◆ **Collected data entries**

»»

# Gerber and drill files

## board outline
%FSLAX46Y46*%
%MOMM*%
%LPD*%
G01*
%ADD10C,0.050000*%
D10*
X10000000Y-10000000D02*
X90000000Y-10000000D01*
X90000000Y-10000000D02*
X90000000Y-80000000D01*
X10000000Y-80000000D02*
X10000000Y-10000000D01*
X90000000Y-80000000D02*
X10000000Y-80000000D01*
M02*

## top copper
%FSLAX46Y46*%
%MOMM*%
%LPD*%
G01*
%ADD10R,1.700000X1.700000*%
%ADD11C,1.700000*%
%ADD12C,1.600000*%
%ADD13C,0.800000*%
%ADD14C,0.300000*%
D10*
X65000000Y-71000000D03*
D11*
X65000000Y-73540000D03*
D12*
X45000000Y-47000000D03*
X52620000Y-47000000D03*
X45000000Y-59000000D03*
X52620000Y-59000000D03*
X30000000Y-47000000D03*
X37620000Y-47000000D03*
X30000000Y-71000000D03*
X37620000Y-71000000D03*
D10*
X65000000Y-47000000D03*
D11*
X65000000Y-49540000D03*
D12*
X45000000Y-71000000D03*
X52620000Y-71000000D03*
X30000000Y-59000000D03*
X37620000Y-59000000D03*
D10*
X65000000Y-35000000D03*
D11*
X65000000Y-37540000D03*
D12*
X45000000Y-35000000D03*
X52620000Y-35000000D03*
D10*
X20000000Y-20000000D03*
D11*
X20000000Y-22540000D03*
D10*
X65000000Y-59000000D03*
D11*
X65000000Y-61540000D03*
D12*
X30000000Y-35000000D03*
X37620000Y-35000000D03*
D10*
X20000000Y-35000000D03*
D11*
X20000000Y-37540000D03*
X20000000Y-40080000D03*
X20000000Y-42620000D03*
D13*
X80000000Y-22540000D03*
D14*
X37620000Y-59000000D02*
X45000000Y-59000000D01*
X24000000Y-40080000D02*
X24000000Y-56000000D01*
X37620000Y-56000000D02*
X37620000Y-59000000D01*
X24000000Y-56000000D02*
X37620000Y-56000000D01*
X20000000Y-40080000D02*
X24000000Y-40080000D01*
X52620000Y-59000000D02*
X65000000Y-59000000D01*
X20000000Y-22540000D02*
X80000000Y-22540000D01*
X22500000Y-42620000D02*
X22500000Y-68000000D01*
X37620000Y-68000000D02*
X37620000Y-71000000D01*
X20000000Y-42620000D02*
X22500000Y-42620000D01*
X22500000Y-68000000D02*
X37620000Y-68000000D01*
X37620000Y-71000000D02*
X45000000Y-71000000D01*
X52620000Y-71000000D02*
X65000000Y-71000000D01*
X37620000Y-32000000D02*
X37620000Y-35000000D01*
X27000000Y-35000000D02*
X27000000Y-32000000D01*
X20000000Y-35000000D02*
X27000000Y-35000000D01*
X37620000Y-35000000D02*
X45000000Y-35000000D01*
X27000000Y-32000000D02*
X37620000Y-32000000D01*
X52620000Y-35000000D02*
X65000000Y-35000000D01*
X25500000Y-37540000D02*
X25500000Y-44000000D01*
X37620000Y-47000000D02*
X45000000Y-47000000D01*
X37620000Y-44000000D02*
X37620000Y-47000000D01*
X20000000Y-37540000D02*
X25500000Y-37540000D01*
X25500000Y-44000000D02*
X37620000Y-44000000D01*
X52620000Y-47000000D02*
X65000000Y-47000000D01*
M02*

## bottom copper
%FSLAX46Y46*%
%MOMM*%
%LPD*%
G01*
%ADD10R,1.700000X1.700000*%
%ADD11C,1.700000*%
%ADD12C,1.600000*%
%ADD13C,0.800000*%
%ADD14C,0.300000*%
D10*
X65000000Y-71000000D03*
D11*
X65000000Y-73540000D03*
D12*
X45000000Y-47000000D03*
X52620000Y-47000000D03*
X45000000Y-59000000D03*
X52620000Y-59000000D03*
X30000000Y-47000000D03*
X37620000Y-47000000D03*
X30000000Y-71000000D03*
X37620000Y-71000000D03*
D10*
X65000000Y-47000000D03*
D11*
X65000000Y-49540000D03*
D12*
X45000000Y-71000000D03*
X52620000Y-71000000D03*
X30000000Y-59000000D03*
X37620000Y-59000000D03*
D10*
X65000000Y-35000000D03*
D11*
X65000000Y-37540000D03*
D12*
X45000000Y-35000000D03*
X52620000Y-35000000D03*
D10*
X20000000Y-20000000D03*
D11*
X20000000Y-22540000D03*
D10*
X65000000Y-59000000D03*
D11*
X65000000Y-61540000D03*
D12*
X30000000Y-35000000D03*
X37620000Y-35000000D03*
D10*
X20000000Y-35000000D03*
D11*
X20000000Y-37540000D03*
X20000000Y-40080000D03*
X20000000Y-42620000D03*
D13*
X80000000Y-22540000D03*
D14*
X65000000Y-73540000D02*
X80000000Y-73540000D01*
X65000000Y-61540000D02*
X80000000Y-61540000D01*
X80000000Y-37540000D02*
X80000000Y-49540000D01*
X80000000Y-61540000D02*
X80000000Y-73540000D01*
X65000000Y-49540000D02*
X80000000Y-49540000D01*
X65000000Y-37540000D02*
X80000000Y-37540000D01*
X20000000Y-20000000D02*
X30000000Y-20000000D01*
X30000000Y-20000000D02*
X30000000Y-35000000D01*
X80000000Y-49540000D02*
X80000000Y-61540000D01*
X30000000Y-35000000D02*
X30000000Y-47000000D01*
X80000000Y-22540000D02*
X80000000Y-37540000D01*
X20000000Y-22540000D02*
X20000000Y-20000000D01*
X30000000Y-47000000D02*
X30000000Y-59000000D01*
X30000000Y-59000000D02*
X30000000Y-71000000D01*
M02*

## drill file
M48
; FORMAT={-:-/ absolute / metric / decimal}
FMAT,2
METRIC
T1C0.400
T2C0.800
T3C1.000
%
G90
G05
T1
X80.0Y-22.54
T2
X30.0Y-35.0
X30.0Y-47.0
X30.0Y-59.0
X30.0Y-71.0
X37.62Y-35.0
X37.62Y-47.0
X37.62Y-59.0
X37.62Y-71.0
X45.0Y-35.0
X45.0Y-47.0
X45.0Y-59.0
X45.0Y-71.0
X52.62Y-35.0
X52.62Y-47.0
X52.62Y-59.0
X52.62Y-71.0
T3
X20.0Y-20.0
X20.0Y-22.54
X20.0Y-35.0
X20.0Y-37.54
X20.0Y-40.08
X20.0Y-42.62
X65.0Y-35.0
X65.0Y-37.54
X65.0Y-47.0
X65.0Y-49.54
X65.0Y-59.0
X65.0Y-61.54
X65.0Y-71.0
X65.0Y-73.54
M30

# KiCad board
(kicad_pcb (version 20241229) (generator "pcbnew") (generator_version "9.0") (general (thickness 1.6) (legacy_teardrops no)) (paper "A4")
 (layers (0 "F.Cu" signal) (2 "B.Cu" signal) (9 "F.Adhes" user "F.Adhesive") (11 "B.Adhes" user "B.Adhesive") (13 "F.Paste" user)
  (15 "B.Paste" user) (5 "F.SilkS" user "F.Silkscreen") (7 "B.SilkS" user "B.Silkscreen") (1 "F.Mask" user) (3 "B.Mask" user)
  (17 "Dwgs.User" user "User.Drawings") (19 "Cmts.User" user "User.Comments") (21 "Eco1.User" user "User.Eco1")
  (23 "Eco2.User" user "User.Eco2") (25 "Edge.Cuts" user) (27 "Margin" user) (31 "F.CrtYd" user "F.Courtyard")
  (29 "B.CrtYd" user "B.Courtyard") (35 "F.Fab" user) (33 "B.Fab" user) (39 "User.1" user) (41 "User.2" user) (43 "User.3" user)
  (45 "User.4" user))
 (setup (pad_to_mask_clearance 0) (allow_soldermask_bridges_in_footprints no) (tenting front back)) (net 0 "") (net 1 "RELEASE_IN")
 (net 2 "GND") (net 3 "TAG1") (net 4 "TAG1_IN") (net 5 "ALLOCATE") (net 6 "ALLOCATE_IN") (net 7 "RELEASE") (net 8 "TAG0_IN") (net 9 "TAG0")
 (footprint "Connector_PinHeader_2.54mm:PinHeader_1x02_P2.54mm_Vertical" (layer "F.Cu") (at 65 71)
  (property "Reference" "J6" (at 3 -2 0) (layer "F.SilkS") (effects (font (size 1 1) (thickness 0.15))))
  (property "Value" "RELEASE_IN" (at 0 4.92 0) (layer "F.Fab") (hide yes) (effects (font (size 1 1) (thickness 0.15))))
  (pad "1" thru_hole rect (at 0 0) (size 1.7 1.7) (drill 1) (layers "*.Cu" "*.Mask") (remove_unused_layers no) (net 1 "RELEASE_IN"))
  (pad "2" thru_hole circle (at 0 2.54) (size 1.7 1.7) (drill 1) (layers "*.Cu" "*.Mask") (remove_unused_layers no) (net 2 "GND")))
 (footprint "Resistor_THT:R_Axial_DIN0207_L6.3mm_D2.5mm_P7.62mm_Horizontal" (layer "F.Cu") (at 45 47)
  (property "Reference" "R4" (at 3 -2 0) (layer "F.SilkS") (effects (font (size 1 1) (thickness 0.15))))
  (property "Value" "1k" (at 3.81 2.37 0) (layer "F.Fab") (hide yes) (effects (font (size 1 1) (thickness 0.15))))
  (pad "1" thru_hole circle (at 0 0) (size 1.6 1.6) (drill 0.8) (layers "*.Cu" "*.Mask") (remove_unused_layers no) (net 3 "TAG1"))
  (pad "2" thru_hole circle (at 7.62 0) (size 1.6 1.6) (drill 0.8) (layers "*.Cu" "*.Mask") (remove_unused_layers no) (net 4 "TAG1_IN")))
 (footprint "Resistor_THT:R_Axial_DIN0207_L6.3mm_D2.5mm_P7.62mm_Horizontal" (layer "F.Cu") (at 45 59)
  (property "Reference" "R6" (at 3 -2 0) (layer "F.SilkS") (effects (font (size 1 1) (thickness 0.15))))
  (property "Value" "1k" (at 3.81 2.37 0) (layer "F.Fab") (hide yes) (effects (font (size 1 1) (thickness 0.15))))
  (pad "1" thru_hole circle (at 0 0) (size 1.6 1.6) (drill 0.8) (layers "*.Cu" "*.Mask") (remove_unused_layers no) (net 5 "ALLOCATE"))
  (pad "2" thru_hole circle (at 7.62 0) (size 1.6 1.6) (drill 0.8) (layers "*.Cu" "*.Mask") (remove_unused_layers no) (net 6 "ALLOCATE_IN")))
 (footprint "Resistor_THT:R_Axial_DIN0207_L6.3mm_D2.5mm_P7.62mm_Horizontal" (layer "F.Cu") (at 30 47)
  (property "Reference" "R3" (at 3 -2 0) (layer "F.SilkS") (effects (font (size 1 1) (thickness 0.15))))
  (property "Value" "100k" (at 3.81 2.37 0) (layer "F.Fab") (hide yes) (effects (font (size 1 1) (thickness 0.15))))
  (pad "1" thru_hole circle (at 0 0) (size 1.6 1.6) (drill 0.8) (layers "*.Cu" "*.Mask") (remove_unused_layers no) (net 2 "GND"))
  (pad "2" thru_hole circle (at 7.62 0) (size 1.6 1.6) (drill 0.8) (layers "*.Cu" "*.Mask") (remove_unused_layers no) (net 3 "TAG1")))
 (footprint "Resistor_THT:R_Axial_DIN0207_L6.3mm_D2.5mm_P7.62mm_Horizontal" (layer "F.Cu") (at 30 71)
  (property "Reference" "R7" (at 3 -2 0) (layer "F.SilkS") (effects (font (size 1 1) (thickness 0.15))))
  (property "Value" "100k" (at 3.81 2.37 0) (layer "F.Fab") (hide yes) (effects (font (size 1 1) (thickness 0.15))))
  (pad "1" thru_hole circle (at 0 0) (size 1.6 1.6) (drill 0.8) (layers "*.Cu" "*.Mask") (remove_unused_layers no) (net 2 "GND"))
  (pad "2" thru_hole circle (at 7.62 0) (size 1.6 1.6) (drill 0.8) (layers "*.Cu" "*.Mask") (remove_unused_layers no) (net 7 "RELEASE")))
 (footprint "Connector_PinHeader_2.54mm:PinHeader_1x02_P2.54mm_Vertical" (layer "F.Cu") (at 65 47)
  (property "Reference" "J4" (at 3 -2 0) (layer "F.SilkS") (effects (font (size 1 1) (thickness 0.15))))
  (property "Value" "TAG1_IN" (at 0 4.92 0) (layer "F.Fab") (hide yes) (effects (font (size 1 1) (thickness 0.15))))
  (pad "1" thru_hole rect (at 0 0) (size 1.7 1.7) (drill 1) (layers "*.Cu" "*.Mask") (remove_unused_layers no) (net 4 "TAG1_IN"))
  (pad "2" thru_hole circle (at 0 2.54) (size 1.7 1.7) (drill 1) (layers "*.Cu" "*.Mask") (remove_unused_layers no) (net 2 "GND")))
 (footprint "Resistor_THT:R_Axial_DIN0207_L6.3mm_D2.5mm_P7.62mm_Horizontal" (layer "F.Cu") (at 45 71)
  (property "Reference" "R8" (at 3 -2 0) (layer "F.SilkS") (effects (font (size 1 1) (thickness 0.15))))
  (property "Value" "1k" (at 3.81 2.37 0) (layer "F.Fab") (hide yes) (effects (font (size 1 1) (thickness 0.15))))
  (pad "1" thru_hole circle (at 0 0) (size 1.6 1.6) (drill 0.8) (layers "*.Cu" "*.Mask") (remove_unused_layers no) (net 7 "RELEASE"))
  (pad "2" thru_hole circle (at 7.62 0) (size 1.6 1.6) (drill 0.8) (layers "*.Cu" "*.Mask") (remove_unused_layers no) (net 1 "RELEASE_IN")))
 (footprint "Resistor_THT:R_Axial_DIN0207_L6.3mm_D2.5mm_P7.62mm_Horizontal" (layer "F.Cu") (at 30 59)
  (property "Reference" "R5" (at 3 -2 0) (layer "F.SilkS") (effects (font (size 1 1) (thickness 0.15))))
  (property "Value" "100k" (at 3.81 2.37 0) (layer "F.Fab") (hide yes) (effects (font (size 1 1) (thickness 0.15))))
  (pad "1" thru_hole circle (at 0 0) (size 1.6 1.6) (drill 0.8) (layers "*.Cu" "*.Mask") (remove_unused_layers no) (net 2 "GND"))
  (pad "2" thru_hole circle (at 7.62 0) (size 1.6 1.6) (drill 0.8) (layers "*.Cu" "*.Mask") (remove_unused_layers no) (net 5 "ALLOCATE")))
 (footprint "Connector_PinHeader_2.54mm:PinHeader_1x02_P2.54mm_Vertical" (layer "F.Cu") (at 65 35)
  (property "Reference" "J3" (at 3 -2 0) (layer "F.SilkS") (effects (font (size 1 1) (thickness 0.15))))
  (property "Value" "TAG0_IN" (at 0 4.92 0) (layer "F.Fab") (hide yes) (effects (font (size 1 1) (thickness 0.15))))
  (pad "1" thru_hole rect (at 0 0) (size 1.7 1.7) (drill 1) (layers "*.Cu" "*.Mask") (remove_unused_layers no) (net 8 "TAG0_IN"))
  (pad "2" thru_hole circle (at 0 2.54) (size 1.7 1.7) (drill 1) (layers "*.Cu" "*.Mask") (remove_unused_layers no) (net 2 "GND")))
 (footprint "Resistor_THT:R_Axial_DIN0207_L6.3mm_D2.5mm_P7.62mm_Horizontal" (layer "F.Cu") (at 45 35)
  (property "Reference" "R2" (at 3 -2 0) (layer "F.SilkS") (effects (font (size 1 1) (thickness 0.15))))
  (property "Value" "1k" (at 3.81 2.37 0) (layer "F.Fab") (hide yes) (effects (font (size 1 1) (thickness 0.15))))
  (pad "1" thru_hole circle (at 0 0) (size 1.6 1.6) (drill 0.8) (layers "*.Cu" "*.Mask") (remove_unused_layers no) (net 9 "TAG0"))
  (pad "2" thru_hole circle (at 7.62 0) (size 1.6 1.6) (drill 0.8) (layers "*.Cu" "*.Mask") (remove_unused_layers no) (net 8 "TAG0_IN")))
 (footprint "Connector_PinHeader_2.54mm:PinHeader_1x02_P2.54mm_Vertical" (layer "F.Cu") (at 20 20)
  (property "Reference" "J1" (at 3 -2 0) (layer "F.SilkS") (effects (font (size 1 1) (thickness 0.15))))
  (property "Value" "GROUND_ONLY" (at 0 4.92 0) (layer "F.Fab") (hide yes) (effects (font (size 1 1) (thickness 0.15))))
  (pad "1" thru_hole rect (at 0 0) (size 1.7 1.7) (drill 1) (layers "*.Cu" "*.Mask") (remove_unused_layers no) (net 2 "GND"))
  (pad "2" thru_hole circle (at 0 2.54) (size 1.7 1.7) (drill 1) (layers "*.Cu" "*.Mask") (remove_unused_layers no) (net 2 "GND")))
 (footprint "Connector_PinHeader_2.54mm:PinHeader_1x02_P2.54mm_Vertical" (layer "F.Cu") (at 65 59)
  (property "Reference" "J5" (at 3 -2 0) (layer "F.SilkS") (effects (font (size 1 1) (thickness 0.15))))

««

◆ **Work to complete**
The word "Courtyard" may appear in several lines of the data; copy every line where it does.

◆ **Final answer**
  (23 "Eco2.User" user "User.Eco2") (25 "Edge.Cuts" user) (27 "Margin" user) (31 "F.CrtYd" user "F.Courtyard")
  (29 "B.CrtYd" user "B.Courtyard") (35 "F.Fab" user) (33 "B.Fab" user) (39 "User.1" user) (41 "User.2" user) (43 "User.3" user)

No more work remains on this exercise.